The report is a response to the Truth and Reconciliation Commission’s 92nd Call to Action, which declares, “We call upon the corporate sector in Canada to adopt the United Nations Declaration on the Rights of Indigenous Peoples as a reconciliation framework and to apply its principles, norms, and standards to corporate policy and core operational activities involving Indigenous peoples and their lands and resources.”
The report is designed to guide non-Indigenous-led businesses in Ontario to work toward economic reconciliation, including recommendations on working with Indigenous-led businesses, employing Indigenous staff, cultural competency initiatives, and respecting Indigenous nations and treaty rights.
What issues does the report address?
Sharing Prosperity recognizes that the economies of Indigenous Peoples are robust and expanding. The report notes that over 75,000 Indigenous entrepreneurs and enterprises operate in Canada, generating close to $50 billion in revenue for the country each year. In an email statement to The Varsity, the OCC’s Senior Manager of Public Affairs, Andrea Carmona, notes that supporting these businesses is, therefore, “both a moral and an economic imperative.”
However, the OCC’s 2024 Ontario Economic Report points to noteworthy disparities between Ontario’s economic reconciliation pledges and the reality. According to a provincial survey, Carmona noted, only 27 per cent of businesses operating in Ontario report feeling “confident in their ability to take meaningful action” towards economic reconciliation.
Furthermore, the businesses making up this percentage are mostly non-profits, publicly traded companies, post-secondary institutions, and “diverse-led” businesses, which Canadian regulations define as businesses whose managements are made up of a majority — meeting the 51 per cent mark — of traditionally marginalized or minoritized employees. Meanwhile, the report notes that businesses in the construction, manufacturing, transportation, warehousing, and wholesale trade sectors are significantly less likely to feel equipped to pursue economic reconciliation.

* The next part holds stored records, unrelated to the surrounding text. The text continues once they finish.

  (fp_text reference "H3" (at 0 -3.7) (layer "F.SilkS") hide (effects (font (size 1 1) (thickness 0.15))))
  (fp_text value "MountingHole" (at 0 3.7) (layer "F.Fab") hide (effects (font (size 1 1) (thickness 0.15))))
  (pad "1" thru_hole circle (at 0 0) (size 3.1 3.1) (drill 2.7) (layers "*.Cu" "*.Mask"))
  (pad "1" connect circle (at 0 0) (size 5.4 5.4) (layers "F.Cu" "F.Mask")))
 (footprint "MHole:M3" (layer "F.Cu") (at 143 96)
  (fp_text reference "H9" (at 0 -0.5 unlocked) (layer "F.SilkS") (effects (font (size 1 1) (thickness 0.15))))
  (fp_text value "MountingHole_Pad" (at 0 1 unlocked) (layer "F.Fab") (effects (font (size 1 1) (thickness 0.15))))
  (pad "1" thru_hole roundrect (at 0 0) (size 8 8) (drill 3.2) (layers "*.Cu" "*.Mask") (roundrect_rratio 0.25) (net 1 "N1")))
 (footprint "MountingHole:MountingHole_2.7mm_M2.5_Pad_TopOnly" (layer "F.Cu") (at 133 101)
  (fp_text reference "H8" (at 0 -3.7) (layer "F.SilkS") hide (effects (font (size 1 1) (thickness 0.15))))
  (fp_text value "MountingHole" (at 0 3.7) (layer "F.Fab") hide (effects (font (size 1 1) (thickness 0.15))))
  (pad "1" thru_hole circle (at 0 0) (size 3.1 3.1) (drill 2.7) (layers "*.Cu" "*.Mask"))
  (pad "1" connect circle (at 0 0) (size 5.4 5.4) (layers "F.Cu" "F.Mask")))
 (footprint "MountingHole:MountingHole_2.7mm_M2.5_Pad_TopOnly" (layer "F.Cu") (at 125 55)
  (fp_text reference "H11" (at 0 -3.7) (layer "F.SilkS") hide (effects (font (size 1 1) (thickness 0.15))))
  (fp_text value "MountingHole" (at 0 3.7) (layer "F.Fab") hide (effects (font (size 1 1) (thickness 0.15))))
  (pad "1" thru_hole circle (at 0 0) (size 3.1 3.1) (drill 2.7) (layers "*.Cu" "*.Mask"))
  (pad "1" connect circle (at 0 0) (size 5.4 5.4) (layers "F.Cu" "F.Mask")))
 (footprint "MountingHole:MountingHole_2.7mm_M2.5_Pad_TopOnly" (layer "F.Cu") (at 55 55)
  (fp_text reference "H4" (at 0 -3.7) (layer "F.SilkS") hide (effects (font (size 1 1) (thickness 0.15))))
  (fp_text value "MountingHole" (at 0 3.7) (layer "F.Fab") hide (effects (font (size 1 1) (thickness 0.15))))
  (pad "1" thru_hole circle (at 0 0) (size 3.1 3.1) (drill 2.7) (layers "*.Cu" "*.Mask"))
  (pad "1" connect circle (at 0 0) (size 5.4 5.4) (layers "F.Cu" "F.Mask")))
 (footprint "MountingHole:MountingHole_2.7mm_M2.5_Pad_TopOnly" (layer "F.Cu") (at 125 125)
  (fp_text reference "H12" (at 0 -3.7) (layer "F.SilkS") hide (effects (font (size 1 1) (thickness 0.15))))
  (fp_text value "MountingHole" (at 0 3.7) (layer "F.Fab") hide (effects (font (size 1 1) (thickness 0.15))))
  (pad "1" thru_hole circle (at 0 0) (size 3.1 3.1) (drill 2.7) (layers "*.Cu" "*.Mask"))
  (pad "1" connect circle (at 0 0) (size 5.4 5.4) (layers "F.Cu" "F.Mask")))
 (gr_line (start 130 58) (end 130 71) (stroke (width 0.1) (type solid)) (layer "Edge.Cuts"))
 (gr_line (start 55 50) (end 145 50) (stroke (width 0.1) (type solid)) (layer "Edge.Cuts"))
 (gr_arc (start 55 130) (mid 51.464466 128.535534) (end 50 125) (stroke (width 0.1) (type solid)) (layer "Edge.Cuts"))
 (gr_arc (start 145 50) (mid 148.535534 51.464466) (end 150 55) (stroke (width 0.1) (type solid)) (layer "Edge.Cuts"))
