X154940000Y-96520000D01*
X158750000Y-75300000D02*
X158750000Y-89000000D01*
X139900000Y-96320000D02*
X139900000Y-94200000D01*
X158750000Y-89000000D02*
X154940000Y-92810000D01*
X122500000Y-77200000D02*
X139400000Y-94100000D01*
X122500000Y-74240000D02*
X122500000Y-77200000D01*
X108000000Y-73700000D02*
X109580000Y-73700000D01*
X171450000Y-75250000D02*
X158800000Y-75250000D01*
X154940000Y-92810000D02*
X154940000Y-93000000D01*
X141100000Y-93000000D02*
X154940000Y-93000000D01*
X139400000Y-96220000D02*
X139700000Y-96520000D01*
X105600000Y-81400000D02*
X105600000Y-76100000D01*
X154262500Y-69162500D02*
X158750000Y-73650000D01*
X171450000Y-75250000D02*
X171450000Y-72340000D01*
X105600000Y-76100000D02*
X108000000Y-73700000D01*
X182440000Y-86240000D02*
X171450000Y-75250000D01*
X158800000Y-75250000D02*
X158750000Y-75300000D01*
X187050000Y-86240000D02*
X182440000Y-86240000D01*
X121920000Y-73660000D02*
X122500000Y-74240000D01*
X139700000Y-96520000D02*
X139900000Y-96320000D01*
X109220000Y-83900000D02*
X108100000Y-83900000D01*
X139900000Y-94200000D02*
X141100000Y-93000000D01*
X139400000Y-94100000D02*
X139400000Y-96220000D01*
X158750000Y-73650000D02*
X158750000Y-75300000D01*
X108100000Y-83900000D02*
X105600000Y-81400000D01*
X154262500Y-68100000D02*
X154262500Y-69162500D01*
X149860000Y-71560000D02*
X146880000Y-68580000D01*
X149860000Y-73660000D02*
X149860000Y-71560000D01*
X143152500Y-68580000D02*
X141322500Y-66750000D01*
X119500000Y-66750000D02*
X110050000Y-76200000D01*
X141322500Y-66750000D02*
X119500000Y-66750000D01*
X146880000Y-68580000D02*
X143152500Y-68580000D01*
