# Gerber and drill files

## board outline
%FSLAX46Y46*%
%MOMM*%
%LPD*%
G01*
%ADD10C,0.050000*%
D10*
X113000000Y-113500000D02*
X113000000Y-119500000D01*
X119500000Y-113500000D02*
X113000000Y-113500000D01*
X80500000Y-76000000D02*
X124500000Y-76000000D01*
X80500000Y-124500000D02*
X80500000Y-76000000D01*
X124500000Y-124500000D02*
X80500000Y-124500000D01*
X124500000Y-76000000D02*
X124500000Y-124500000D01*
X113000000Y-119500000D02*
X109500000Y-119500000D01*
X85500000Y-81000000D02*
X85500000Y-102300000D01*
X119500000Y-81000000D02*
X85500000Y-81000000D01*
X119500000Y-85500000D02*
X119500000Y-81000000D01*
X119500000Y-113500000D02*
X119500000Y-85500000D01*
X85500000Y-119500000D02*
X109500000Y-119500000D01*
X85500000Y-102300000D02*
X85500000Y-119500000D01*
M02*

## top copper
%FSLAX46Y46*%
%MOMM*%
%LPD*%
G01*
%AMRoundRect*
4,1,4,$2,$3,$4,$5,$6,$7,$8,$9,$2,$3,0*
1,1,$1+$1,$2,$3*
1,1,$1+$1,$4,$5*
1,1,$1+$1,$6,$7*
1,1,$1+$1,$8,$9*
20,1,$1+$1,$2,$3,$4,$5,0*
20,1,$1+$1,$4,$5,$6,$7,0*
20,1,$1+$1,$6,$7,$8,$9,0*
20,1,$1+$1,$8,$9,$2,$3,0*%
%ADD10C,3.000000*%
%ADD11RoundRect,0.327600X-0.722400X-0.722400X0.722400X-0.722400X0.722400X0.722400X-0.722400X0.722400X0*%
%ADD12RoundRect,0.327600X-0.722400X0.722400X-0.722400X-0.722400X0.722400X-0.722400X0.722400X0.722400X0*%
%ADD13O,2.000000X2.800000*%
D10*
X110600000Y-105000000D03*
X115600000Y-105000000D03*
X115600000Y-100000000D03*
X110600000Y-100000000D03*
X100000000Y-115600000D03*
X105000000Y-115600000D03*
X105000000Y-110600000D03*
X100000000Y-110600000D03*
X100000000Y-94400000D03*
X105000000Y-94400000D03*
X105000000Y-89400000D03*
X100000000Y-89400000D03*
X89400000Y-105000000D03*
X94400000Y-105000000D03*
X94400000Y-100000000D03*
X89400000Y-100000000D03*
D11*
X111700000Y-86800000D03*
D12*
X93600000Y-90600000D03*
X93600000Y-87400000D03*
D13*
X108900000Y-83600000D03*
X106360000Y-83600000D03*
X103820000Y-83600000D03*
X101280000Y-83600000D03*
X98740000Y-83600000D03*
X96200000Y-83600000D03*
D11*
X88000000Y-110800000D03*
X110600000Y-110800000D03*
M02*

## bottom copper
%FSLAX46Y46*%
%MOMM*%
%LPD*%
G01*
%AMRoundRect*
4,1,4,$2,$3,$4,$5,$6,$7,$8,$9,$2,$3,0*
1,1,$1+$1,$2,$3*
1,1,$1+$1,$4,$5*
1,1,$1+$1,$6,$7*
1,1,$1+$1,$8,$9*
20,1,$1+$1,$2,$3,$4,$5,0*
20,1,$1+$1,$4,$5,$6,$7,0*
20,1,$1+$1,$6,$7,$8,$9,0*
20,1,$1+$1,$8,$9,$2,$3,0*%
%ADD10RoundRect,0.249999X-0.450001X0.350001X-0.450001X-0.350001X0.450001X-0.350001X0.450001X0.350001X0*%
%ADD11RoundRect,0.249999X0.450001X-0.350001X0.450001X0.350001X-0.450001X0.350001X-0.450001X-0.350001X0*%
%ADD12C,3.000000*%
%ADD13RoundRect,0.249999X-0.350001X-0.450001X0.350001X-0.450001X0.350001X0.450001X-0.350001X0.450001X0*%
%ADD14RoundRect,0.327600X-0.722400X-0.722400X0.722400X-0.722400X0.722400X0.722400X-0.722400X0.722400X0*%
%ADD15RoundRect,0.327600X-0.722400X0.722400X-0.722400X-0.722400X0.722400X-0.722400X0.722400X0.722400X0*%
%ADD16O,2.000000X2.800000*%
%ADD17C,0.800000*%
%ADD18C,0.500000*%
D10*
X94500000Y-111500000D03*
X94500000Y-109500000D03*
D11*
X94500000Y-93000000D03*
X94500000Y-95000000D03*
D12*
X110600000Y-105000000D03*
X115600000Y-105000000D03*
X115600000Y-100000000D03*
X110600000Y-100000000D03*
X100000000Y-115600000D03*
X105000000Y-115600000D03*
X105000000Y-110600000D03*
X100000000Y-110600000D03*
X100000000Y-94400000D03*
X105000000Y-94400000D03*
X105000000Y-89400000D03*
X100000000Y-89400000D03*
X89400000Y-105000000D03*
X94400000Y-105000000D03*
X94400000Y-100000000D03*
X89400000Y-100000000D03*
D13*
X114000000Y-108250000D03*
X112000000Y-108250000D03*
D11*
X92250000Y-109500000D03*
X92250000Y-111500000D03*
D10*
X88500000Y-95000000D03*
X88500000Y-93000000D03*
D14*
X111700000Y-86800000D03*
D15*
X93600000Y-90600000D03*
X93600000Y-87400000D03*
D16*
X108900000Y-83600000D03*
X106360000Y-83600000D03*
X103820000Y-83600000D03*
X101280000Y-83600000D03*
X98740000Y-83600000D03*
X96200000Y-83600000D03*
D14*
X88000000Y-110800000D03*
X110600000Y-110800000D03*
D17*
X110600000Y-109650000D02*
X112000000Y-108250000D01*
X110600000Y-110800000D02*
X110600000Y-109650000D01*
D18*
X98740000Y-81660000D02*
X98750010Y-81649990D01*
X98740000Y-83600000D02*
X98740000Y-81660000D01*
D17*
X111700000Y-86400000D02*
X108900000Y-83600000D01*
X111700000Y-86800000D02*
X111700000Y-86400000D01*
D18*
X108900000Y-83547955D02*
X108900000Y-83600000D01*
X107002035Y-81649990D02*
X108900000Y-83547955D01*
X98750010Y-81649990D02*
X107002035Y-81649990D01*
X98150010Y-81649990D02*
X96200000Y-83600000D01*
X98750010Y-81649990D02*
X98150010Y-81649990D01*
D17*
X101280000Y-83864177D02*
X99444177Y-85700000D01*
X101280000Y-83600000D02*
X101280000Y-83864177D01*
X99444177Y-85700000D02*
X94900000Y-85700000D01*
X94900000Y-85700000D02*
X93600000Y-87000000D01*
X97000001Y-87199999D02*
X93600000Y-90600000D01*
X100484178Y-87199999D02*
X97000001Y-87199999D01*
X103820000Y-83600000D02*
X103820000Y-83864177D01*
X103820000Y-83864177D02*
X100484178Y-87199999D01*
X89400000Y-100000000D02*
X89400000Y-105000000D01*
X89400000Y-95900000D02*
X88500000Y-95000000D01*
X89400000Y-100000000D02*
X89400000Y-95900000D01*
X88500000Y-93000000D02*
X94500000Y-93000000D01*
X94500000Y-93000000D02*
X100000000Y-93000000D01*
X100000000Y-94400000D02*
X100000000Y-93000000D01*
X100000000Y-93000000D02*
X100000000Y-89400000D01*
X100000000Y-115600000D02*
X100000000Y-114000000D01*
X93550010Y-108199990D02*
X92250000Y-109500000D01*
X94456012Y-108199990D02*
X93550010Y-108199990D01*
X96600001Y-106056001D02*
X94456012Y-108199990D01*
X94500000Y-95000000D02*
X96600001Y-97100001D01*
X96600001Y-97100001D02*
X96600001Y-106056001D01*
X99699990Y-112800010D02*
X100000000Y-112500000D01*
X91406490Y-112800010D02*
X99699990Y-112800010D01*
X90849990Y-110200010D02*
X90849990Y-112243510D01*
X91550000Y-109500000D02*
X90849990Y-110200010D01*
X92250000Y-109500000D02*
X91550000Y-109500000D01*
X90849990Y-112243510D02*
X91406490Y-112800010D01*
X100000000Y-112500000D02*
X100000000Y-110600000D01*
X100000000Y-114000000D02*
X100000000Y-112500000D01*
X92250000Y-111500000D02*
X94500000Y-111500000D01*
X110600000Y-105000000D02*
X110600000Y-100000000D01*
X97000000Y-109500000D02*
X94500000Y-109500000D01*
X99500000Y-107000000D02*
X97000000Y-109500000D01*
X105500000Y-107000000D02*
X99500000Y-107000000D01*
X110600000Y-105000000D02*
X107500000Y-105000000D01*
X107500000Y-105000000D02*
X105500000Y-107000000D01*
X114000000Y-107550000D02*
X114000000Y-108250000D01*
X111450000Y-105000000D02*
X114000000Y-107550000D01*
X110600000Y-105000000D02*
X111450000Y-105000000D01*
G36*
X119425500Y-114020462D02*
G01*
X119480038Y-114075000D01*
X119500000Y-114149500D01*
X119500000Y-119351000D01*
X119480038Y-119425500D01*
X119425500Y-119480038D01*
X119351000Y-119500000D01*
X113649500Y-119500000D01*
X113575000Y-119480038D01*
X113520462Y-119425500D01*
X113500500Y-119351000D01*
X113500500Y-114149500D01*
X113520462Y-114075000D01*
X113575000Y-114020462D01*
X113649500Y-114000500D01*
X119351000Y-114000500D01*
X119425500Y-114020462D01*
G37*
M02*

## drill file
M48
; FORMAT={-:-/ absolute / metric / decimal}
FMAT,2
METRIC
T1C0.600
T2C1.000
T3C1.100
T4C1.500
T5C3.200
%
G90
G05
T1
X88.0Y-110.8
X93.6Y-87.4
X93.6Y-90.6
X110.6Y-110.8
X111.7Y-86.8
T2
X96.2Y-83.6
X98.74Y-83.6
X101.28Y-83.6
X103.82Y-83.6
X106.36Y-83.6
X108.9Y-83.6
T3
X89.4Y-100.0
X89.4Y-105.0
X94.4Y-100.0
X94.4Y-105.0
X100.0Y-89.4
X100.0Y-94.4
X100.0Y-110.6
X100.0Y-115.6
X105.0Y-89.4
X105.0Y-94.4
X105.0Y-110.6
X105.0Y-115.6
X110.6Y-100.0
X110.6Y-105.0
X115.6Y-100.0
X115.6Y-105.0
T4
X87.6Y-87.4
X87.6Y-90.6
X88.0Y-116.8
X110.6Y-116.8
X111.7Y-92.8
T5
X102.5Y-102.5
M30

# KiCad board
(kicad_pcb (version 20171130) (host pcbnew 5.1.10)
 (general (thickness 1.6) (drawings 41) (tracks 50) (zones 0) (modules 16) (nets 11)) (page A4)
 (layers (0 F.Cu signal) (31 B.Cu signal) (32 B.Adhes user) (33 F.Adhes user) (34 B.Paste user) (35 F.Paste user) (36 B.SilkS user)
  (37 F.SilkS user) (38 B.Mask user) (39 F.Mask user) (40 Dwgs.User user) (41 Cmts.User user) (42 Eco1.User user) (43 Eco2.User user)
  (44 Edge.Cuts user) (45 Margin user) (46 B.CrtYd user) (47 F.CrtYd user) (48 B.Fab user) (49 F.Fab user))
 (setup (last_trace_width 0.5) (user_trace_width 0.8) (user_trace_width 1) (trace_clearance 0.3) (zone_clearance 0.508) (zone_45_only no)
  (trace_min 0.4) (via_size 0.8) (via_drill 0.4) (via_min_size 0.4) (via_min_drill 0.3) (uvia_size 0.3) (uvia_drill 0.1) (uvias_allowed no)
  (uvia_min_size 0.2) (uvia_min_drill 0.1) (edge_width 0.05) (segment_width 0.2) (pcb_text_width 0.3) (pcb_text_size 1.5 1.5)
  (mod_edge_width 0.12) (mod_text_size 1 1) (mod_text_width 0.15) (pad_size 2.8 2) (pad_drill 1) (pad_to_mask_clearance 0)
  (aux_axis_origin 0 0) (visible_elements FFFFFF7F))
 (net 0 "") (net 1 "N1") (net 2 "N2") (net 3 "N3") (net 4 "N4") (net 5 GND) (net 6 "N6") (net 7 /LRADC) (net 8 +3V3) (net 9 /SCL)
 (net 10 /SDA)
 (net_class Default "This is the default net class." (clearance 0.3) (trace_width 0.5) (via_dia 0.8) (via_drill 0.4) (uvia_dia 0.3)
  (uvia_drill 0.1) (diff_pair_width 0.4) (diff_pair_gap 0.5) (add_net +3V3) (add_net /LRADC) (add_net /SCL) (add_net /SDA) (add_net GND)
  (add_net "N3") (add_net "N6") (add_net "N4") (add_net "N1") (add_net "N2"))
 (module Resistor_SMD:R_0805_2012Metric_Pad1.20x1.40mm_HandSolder (layer B.Cu) (at 94.5 110.5 270)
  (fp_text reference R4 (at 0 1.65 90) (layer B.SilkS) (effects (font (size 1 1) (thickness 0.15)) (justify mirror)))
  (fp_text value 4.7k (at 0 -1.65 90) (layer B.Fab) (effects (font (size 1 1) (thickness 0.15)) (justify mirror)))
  (pad 2 smd roundrect (at 1 0 270) (size 1.2 1.4) (layers B.Cu B.Paste B.Mask) (roundrect_rratio 0.2083325) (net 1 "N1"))
  (pad 1 smd roundrect (at -1 0 270) (size 1.2 1.4) (layers B.Cu B.Paste B.Mask) (roundrect_rratio 0.2083325) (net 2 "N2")))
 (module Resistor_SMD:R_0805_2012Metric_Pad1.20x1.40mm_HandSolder (layer B.Cu) (at 94.5 94 90)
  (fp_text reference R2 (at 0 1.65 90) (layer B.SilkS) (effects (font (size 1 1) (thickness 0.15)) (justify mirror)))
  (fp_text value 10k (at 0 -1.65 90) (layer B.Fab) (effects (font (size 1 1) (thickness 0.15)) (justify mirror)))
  (pad 2 smd roundrect (at 1 0 90) (size 1.2 1.4) (layers B.Cu B.Paste B.Mask) (roundrect_rratio 0.2083325) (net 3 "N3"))
  (pad 1 smd roundrect (at -1 0 90) (size 1.2 1.4) (layers B.Cu B.Paste B.Mask) (roundrect_rratio 0.2083325) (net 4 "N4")))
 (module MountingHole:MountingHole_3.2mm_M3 (layer F.Cu) (at 102.5 102.5)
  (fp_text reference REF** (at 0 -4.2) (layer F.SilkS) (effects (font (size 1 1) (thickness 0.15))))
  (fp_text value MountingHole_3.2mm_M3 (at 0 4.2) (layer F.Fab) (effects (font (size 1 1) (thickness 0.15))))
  (pad 1 np_thru_hole circle (at 0 0) (size 3.2 3.2) (drill 3.2) (layers *.Cu *.Mask)))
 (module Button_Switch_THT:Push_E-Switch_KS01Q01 (layer F.Cu) (at 110.6 100)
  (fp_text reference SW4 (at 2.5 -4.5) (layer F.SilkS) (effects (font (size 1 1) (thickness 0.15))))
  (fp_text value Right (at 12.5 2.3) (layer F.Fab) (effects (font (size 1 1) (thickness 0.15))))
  (pad 3 thru_hole circle (at 0 5) (size 3 3) (drill 1.1) (layers *.Cu *.Mask) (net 2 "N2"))
  (pad 4 thru_hole circle (at 5 5) (size 3 3) (drill 1.1) (layers *.Cu *.Mask) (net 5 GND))
  (pad 2 thru_hole circle (at 5 0) (size 3 3) (drill 1.1) (layers *.Cu *.Mask) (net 5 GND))
  (pad 1 thru_hole circle (at 0 0) (size 3 3) (drill 1.1) (layers *.Cu *.Mask) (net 2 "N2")))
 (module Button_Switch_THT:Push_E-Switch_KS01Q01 (layer F.Cu) (at 100 110.6)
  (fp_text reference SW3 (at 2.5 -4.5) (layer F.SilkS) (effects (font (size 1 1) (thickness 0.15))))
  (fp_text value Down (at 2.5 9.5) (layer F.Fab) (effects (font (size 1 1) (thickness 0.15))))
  (pad 3 thru_hole circle (at 0 5) (size 3 3) (drill 1.1) (layers *.Cu *.Mask) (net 4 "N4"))
  (pad 4 thru_hole circle (at 5 5) (size 3 3) (drill 1.1) (layers *.Cu *.Mask) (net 5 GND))
  (pad 2 thru_hole circle (at 5 0) (size 3 3) (drill 1.1) (layers *.Cu *.Mask) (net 5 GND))
  (pad 1 thru_hole circle (at 0 0) (size 3 3) (drill 1.1) (layers *.Cu *.Mask) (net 4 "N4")))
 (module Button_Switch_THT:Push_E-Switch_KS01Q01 (layer F.Cu) (at 100 89.4)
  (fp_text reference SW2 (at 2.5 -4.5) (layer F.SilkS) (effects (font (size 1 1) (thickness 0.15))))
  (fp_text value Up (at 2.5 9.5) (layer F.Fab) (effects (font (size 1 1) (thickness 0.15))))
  (pad 3 thru_hole circle (at 0 5) (size 3 3) (drill 1.1) (layers *.Cu *.Mask) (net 3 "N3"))
  (pad 4 thru_hole circle (at 5 5) (size 3 3) (drill 1.1) (layers *.Cu *.Mask) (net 5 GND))
  (pad 2 thru_hole circle (at 5 0) (size 3 3) (drill 1.1) (layers *.Cu *.Mask) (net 5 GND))
  (pad 1 thru_hole circle (at 0 0) (size 3 3) (drill 1.1) (layers *.Cu *.Mask) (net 3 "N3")))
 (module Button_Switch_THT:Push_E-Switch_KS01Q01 (layer F.Cu) (at 89.4 100)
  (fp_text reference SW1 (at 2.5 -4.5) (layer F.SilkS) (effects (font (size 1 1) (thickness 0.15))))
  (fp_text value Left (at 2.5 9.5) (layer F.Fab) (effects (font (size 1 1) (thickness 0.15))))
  (pad 3 thru_hole circle (at 0 5) (size 3 3) (drill 1.1) (layers *.Cu *.Mask) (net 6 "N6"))
  (pad 4 thru_hole circle (at 5 5) (size 3 3) (drill 1.1) (layers *.Cu *.Mask) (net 5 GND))
  (pad 2 thru_hole circle (at 5 0) (size 3 3) (drill 1.1) (layers *.Cu *.Mask) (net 5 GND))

The report notes that businesses failing to take action towards economic reconciliation cause serious and specific harms. For example, a company might undermine Indigenous sovereignty by neglecting their duty to consult Indigenous Nations and get free, prior, and informed consent whenever they engage in actions that potentially threaten Aboriginal and Treaty rights.
The United Nations Declaration on the Rights of Indigenous Peoples Act affirms the importance of “free, prior, and informed consent” (FPIC) throughout, stressing the importance of acknowledging and protecting Indigenous Peoples’ rights, and ensuring opportunities for Indigenous communities to effectively participate in choices that impact them, their communities, and their territories. As stated on the Government of Canada website, “FPIC describes processes that are free from manipulation or coercion, informed by adequate and timely information, and occur sufficiently prior to a decision.”
The report also notes that failing to respect Indigenous sovereignty rights can end up hurting both Indigenous-led and non-Indigenous-run businesses overall. Such risks include “project delays and/or cancellations, increased costs and resources, legal challenges, regulatory intervention, investment uncertainty, reputational damage, and broken trust.”
What solutions does the report propose?
By contrast, the report notes that closing the socioeconomic gap between Indigenous and non-Indigenous communities will be hugely beneficial for the overall provincial economy — filling labour shortages, encouraging foreign investment, growing provincial businesses’ productivity, and creating long-term stability in economic growth.
The report notes that businesses can promote Indigenous cultural awareness by exchanging territorial acknowledgments, educating their staff about the issue of economic reconciliation and how to pursue it, providing staff training on Indigenous cultural competency — which the report notes allows non-Indigenous organizations to “better understand Indigenous cultures and histories” — and attending and participating in community and business events in Indigenous communities.
To promote equitable employment and business opportunities for Indigenous community members, some strategies the report suggests for businesses are establishing an Indigenous Advisory Committee in their governance structure, using HR strategies that specifically aim to recruit Indigenous candidates and create an accessible workplace for them, audits of workplace policies and procedures to encourage reconciliation, linking a company’s top executives’ pay to specific performance metrics indicating economic reconciliation the company has achieved, and providing free or reduced-price events, memberships, and training for Indigenous businesses and individuals.
The report notes that businesses can engage with Indigenous communities and support economic development by developing strategies for building partnerships and fostering engagement with them, obtaining certification or accreditation in Indigenous relations, developing a Reconciliation Action Plan, and entering into agreements with Indigenous businesses and/or communities that share revenue or equity.
The report declares that these strategies align with the Seven Grandfather Teachings, a collection of Anishinaabe tenets that are universally accepted and serve as a framework for “good relationships, peace, and harmony.”
Outreach efforts
It is unclear how effectively the report’s recommendations have circulated to businesses across the province. In her email, Carmona wrote that 150 local chambers and boards of trade in Ontario operate within the OCC and shared this resource with their members through social media and email. Carmona noted that the OCC and the CCAB also directly shared the resource with their followers and members, including posts on their websites and social media.
Carmona also pointed to the OCC’s corporate partners in the Sharing Prosperity initiative — Lead Partners, Hydro One, BMO, Bruce Power, CN, Meridian, the Canadian Association of Petroleum Producers, and Ontario Power Generation. Carmona said that these partners have also helped to distribute this resource through their own networks.
The OCC has not yet produced any case studies or other concrete examples of businesses improving their policies and operations towards economic reconciliation. According to Carmona, this report is only the beginning of more initiatives to pursue economic reconciliation with Indigenous businesses, communities, and nations. Carmonda wrote that a second resource is underway, which the OCC plans to include case studies from across Ontario for businesses to follow and more specific economic reconciliation strategies for various industries.